**MATERIAL TO PROCESS**

>>>>

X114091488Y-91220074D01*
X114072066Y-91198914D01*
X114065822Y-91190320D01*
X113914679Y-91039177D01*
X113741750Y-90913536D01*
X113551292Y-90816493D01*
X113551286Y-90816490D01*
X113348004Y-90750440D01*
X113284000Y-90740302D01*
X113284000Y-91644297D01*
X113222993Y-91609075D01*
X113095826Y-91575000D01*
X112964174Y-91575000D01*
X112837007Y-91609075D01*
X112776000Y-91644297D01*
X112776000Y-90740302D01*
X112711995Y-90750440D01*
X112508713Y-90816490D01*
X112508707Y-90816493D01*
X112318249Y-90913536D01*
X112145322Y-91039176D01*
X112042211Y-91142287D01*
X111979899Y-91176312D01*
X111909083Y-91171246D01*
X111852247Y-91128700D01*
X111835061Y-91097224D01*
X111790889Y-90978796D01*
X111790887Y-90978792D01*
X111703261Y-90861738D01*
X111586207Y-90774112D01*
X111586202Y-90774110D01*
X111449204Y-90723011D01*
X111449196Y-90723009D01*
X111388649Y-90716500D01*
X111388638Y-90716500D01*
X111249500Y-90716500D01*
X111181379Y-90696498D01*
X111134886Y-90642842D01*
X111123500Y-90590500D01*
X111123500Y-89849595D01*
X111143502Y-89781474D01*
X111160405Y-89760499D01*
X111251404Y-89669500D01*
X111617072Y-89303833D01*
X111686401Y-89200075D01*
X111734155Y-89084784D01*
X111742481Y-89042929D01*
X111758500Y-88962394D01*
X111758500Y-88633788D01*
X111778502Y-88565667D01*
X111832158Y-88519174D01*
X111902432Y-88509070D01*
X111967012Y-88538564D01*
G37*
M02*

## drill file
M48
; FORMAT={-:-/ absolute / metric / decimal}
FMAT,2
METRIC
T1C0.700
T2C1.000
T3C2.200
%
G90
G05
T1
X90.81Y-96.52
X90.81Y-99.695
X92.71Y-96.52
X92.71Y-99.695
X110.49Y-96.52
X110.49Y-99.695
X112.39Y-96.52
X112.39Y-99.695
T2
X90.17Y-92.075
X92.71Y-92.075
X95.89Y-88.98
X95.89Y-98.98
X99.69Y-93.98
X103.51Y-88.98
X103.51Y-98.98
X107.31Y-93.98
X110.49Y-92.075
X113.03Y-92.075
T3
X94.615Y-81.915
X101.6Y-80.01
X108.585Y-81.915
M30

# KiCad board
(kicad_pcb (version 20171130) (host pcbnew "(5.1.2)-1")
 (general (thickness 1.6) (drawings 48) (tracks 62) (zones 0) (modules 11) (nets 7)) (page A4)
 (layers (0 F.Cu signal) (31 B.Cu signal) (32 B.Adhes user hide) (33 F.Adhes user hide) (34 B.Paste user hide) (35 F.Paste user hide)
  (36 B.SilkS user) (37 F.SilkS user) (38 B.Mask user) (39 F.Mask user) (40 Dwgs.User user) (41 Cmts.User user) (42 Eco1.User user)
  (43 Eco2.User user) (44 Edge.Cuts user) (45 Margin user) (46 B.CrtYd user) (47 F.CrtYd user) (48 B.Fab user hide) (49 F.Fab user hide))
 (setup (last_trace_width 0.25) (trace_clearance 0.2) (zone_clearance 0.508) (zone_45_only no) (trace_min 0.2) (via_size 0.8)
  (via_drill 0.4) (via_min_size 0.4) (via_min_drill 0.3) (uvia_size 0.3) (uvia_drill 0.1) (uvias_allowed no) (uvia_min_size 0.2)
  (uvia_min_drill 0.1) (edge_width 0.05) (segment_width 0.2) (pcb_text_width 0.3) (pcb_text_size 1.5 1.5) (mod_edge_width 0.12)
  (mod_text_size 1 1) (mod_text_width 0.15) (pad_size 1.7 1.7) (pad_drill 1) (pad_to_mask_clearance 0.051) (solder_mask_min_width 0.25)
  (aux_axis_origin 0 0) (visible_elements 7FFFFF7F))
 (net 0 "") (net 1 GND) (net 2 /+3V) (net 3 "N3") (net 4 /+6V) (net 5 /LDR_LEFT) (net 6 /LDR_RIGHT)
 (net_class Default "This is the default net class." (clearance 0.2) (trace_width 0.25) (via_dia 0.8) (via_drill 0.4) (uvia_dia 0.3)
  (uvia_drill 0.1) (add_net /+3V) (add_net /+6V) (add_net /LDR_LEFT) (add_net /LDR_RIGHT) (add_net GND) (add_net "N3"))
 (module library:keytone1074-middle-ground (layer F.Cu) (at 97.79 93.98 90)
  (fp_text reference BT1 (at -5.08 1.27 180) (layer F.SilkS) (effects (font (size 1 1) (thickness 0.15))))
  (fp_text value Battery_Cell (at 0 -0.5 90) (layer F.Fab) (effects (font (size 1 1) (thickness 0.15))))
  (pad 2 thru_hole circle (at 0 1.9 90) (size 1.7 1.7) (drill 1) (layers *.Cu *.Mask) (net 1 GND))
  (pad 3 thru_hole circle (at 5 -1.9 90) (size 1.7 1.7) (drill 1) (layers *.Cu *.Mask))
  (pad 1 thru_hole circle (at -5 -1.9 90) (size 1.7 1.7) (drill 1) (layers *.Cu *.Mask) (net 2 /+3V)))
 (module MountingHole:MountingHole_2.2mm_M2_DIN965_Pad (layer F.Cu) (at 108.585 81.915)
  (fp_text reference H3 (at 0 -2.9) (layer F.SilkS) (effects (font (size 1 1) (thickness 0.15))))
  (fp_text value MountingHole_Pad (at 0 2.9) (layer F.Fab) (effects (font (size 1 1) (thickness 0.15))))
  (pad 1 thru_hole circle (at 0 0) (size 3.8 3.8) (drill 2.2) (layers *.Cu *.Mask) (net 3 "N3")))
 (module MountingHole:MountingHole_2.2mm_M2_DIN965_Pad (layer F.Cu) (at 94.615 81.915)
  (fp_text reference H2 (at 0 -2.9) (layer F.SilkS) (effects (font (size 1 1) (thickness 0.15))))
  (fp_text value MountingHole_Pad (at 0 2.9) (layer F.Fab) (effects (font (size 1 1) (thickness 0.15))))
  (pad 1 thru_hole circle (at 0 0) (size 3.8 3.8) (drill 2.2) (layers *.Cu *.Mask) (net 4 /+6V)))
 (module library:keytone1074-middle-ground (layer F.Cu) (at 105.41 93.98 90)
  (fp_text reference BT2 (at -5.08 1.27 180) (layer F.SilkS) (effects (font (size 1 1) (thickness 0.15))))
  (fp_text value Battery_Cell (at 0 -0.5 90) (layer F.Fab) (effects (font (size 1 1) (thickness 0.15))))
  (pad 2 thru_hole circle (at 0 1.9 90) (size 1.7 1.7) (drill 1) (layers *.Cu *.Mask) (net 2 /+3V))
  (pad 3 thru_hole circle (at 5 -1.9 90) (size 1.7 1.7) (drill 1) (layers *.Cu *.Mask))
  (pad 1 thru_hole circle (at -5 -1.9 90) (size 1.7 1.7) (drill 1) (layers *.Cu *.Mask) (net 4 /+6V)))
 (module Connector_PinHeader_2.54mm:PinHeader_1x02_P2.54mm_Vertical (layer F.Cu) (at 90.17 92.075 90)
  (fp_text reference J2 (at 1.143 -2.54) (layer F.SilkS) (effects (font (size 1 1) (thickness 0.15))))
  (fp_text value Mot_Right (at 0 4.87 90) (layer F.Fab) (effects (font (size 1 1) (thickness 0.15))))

<<<<

**WHAT TO WORK ON**
All that is needed is the exact run of lines above from the line containing "X111909083Y-91171246D01*" through the line containing "X90.17Y-92.075", both of them included.

**SOLUTION TO THE PROBLEM**
X111909083Y-91171246D01*
X111852247Y-91128700D01*
X111835061Y-91097224D01*
X111790889Y-90978796D01*
X111790887Y-90978792D01*
X111703261Y-90861738D01*
X111586207Y-90774112D01*
X111586202Y-90774110D01*
X111449204Y-90723011D01*
X111449196Y-90723009D01*
X111388649Y-90716500D01*
X111388638Y-90716500D01*
X111249500Y-90716500D01*
X111181379Y-90696498D01*
X111134886Y-90642842D01*
X111123500Y-90590500D01*
X111123500Y-89849595D01*
X111143502Y-89781474D01*
X111160405Y-89760499D01*
X111251404Y-89669500D01*
X111617072Y-89303833D01*
X111686401Y-89200075D01*
X111734155Y-89084784D01*
X111742481Y-89042929D01*
X111758500Y-88962394D01*
X111758500Y-88633788D01*
X111778502Y-88565667D01*
X111832158Y-88519174D01*
X111902432Y-88509070D01*
X111967012Y-88538564D01*
G37*
M02*

## drill file
M48
; FORMAT={-:-/ absolute / metric / decimal}
FMAT,2
METRIC
T1C0.700
T2C1.000
T3C2.200
%
G90
G05
T1
X90.81Y-96.52
X90.81Y-99.695
X92.71Y-96.52
X92.71Y-99.695
X110.49Y-96.52
X110.49Y-99.695
X112.39Y-96.52
X112.39Y-99.695
T2
X90.17Y-92.075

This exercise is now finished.